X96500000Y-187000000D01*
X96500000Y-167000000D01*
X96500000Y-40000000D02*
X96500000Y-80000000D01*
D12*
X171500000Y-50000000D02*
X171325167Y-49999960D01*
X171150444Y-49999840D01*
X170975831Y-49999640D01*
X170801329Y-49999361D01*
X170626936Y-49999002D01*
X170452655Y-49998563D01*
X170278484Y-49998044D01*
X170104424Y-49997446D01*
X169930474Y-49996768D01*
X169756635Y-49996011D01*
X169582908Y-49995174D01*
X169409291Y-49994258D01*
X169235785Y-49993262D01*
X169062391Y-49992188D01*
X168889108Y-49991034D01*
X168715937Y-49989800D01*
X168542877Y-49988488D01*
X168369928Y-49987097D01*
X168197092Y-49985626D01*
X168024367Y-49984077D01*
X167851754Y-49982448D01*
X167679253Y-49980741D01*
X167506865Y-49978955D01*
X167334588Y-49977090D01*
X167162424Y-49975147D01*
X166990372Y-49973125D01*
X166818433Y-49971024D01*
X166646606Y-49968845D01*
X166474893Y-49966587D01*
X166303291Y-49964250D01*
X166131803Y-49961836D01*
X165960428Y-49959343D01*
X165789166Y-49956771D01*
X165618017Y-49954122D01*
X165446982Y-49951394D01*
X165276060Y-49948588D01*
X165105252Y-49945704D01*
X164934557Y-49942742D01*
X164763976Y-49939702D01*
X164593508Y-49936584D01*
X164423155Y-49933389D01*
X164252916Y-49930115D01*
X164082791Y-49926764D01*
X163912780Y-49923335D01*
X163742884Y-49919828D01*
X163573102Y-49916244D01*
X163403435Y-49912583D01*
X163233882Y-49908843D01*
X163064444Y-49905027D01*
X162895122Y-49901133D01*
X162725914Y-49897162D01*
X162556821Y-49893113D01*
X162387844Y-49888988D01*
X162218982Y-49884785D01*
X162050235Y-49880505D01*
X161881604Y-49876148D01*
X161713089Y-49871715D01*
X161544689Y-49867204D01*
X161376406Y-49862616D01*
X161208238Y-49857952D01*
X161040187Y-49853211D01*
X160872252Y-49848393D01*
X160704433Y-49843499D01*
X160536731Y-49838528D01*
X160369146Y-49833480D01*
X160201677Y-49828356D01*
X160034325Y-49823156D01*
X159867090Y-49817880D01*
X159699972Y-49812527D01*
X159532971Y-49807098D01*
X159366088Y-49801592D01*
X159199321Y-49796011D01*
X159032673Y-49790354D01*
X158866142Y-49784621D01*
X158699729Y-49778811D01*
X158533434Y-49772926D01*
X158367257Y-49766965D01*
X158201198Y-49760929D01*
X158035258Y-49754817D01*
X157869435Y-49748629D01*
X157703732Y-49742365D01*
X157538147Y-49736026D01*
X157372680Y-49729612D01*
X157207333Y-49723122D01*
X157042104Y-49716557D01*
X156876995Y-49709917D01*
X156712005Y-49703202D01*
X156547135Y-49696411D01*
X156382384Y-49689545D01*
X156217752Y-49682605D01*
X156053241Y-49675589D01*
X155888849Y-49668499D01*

* Work order *
What is wanted is the full set of entries above, reproduced exactly.

* Result of the task *
X96500000Y-187000000D01*
X96500000Y-167000000D01*
X96500000Y-40000000D02*
X96500000Y-80000000D01*
D12*
X171500000Y-50000000D02*
X171325167Y-49999960D01*
X171150444Y-49999840D01*
X170975831Y-49999640D01*
X170801329Y-49999361D01*
X170626936Y-49999002D01*
X170452655Y-49998563D01*
X170278484Y-49998044D01*
X170104424Y-49997446D01*
X169930474Y-49996768D01*
X169756635Y-49996011D01*
X169582908Y-49995174D01*
X169409291Y-49994258D01*
X169235785Y-49993262D01*
X169062391Y-49992188D01*
X168889108Y-49991034D01*
X168715937Y-49989800D01*
X168542877Y-49988488D01*
X168369928Y-49987097D01*
X168197092Y-49985626D01*
X168024367Y-49984077D01*
X167851754Y-49982448D01*
X167679253Y-49980741D01*
X167506865Y-49978955D01*
X167334588Y-49977090D01*
X167162424Y-49975147D01*
X166990372Y-49973125D01*
X166818433Y-49971024D01*
X166646606Y-49968845D01*
X166474893Y-49966587D01*
X166303291Y-49964250D01*
X166131803Y-49961836D01*
X165960428Y-49959343D01*
X165789166Y-49956771D01*
X165618017Y-49954122D01*
X165446982Y-49951394D01*
X165276060Y-49948588D01*
X165105252Y-49945704D01*
X164934557Y-49942742D01*
X164763976Y-49939702D01*
X164593508Y-49936584D01*
X164423155Y-49933389D01*
X164252916Y-49930115D01*
X164082791Y-49926764D01*
X163912780Y-49923335D01*
X163742884Y-49919828D01*
X163573102Y-49916244D01*
X163403435Y-49912583D01*
X163233882Y-49908843D01*
X163064444Y-49905027D01*
X162895122Y-49901133D01*
X162725914Y-49897162D01*
X162556821Y-49893113D01*
X162387844Y-49888988D01*
X162218982Y-49884785D01*
X162050235Y-49880505D01*
X161881604Y-49876148D01*
X161713089Y-49871715D01*
X161544689Y-49867204D01*
X161376406Y-49862616D01*
X161208238Y-49857952D01*
X161040187Y-49853211D01*
X160872252Y-49848393D01*
X160704433Y-49843499D01*
X160536731Y-49838528D01*
X160369146Y-49833480D01*
X160201677Y-49828356D01*
X160034325Y-49823156D01*
X159867090Y-49817880D01*
X159699972Y-49812527D01*
X159532971Y-49807098D01*
X159366088Y-49801592D01*
X159199321Y-49796011D01*
X159032673Y-49790354D01*
X158866142Y-49784621D01*
X158699729Y-49778811D01*
X158533434Y-49772926D01*
X158367257Y-49766965D01*
X158201198Y-49760929D01*
X158035258Y-49754817D01*
X157869435Y-49748629D01*
X157703732Y-49742365D01*
X157538147Y-49736026D01*
X157372680Y-49729612D01*
X157207333Y-49723122D01*
X157042104Y-49716557D01*
X156876995Y-49709917D01*
X156712005Y-49703202D01*
X156547135Y-49696411D01*
X156382384Y-49689545D01*
X156217752Y-49682605D01*
X156053241Y-49675589D01*
X155888849Y-49668499D01*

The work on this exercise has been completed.